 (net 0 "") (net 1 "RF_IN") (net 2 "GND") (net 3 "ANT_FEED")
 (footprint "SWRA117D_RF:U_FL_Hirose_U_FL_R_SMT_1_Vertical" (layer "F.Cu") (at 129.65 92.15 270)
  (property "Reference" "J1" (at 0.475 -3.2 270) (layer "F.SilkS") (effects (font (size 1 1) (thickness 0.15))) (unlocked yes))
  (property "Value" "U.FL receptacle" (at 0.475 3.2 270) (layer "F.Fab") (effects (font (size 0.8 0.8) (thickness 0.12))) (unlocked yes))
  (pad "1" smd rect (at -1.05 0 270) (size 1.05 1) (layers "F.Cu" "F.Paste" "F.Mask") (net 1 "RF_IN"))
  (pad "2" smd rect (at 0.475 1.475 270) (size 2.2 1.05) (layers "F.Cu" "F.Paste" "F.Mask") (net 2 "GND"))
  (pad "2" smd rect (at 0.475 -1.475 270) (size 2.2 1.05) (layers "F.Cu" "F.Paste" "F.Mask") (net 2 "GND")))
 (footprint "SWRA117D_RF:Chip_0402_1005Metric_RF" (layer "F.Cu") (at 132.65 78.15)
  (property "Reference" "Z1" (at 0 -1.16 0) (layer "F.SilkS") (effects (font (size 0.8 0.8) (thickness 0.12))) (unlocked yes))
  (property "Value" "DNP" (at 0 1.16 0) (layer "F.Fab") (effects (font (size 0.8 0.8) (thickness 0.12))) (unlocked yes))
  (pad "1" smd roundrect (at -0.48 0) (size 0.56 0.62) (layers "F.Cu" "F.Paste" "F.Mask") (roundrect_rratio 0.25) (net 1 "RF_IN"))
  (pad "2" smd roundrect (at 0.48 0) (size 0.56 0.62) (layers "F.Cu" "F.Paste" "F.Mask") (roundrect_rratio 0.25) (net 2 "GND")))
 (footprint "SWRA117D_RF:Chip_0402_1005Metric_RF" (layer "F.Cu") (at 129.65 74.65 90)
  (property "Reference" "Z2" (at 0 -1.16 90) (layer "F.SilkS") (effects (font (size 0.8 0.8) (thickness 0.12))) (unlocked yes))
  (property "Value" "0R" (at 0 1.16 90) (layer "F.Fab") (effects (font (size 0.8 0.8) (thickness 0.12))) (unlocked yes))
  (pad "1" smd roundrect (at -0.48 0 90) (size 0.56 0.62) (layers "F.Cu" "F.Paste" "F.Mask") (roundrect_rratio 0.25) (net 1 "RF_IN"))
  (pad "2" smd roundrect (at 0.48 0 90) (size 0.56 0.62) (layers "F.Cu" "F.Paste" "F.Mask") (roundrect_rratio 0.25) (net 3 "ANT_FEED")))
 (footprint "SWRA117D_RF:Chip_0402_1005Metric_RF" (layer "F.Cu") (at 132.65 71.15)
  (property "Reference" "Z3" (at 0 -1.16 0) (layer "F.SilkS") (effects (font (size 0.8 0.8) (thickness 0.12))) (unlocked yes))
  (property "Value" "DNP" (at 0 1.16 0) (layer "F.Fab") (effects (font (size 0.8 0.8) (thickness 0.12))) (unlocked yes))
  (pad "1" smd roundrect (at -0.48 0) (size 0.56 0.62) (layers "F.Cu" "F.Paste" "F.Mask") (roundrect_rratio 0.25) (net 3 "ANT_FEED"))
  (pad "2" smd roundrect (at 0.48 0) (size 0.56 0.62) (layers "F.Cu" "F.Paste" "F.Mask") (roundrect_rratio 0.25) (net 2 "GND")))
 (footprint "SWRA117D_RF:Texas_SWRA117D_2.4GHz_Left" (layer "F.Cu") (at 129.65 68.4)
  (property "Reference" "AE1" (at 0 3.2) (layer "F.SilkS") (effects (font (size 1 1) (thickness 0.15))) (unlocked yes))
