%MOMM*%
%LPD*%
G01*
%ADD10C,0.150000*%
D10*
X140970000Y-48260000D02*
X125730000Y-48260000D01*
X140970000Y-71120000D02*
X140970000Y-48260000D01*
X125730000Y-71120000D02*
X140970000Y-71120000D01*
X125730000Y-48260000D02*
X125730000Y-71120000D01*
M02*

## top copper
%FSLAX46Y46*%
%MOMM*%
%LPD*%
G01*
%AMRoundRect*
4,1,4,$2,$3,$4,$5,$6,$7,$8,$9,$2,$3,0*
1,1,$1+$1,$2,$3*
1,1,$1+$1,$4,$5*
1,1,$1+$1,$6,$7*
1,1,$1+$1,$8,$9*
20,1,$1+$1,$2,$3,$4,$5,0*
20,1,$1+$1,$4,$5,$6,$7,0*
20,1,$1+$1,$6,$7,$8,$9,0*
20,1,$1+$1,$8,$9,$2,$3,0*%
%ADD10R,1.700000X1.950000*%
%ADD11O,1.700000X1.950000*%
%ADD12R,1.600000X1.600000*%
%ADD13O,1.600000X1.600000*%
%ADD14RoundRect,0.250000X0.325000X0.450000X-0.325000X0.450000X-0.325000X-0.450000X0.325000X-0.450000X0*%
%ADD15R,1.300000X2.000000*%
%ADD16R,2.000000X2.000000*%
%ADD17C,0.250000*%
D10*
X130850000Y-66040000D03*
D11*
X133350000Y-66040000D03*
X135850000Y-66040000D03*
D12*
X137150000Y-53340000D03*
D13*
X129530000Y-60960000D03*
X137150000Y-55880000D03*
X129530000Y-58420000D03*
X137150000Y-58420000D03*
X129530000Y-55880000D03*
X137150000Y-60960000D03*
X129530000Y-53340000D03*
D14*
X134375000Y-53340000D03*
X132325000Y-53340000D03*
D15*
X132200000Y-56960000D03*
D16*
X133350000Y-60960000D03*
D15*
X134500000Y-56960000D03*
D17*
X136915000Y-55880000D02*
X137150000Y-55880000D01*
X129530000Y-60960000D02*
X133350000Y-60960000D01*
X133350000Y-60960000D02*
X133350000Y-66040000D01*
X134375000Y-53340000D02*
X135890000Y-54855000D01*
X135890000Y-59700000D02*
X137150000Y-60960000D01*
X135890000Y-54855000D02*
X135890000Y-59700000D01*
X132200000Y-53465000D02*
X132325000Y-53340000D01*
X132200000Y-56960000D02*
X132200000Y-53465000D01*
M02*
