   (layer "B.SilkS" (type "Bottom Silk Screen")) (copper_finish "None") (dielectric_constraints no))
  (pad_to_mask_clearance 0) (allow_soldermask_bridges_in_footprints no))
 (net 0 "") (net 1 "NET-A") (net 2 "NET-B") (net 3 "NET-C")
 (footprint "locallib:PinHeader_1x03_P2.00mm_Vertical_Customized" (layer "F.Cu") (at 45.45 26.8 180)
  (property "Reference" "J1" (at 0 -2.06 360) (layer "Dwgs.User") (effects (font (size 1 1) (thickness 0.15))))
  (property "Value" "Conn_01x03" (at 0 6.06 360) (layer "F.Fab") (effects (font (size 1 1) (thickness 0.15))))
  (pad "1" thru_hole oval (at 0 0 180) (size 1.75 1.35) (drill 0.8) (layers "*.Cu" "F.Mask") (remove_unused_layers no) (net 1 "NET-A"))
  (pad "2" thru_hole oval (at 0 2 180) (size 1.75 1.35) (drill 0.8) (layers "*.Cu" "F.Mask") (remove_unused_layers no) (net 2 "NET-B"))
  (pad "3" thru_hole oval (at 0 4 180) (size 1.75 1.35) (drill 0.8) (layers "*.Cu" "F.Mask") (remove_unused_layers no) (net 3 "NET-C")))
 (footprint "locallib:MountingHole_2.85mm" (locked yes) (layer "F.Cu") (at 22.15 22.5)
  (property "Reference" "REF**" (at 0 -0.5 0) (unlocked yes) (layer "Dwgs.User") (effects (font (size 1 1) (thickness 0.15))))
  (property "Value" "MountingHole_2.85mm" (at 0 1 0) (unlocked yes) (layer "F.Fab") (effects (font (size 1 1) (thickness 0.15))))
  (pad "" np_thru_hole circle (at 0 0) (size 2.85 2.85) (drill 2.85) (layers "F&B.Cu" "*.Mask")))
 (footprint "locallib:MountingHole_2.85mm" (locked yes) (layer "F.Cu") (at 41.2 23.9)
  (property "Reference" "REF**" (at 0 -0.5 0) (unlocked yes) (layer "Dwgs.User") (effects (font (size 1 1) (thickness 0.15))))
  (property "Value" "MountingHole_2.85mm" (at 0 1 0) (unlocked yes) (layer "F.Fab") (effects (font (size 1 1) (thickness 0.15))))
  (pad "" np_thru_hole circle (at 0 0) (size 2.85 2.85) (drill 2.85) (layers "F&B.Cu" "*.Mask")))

-------

**AIM OF THE TASK:**
Could you set down, word for word, only the lines above from the line with "0 -1.16 90)" to the line with "(at 129.65 68.4)", including both?

**ANSWER TO THE PROBLEM:**
  (property "Reference" "Z2" (at 0 -1.16 90) (layer "F.SilkS") (effects (font (size 0.8 0.8) (thickness 0.12))) (unlocked yes))
  (property "Value" "0R" (at 0 1.16 90) (layer "F.Fab") (effects (font (size 0.8 0.8) (thickness 0.12))) (unlocked yes))
  (pad "1" smd roundrect (at -0.48 0 90) (size 0.56 0.62) (layers "F.Cu" "F.Paste" "F.Mask") (roundrect_rratio 0.25) (net 1 "RF_IN"))
  (pad "2" smd roundrect (at 0.48 0 90) (size 0.56 0.62) (layers "F.Cu" "F.Paste" "F.Mask") (roundrect_rratio 0.25) (net 3 "ANT_FEED")))
 (footprint "SWRA117D_RF:Chip_0402_1005Metric_RF" (layer "F.Cu") (at 132.65 71.15)
  (property "Reference" "Z3" (at 0 -1.16 0) (layer "F.SilkS") (effects (font (size 0.8 0.8) (thickness 0.12))) (unlocked yes))
  (property "Value" "DNP" (at 0 1.16 0) (layer "F.Fab") (effects (font (size 0.8 0.8) (thickness 0.12))) (unlocked yes))
  (pad "1" smd roundrect (at -0.48 0) (size 0.56 0.62) (layers "F.Cu" "F.Paste" "F.Mask") (roundrect_rratio 0.25) (net 3 "ANT_FEED"))
  (pad "2" smd roundrect (at 0.48 0) (size 0.56 0.62) (layers "F.Cu" "F.Paste" "F.Mask") (roundrect_rratio 0.25) (net 2 "GND")))
 (footprint "SWRA117D_RF:Texas_SWRA117D_2.4GHz_Left" (layer "F.Cu") (at 129.65 68.4)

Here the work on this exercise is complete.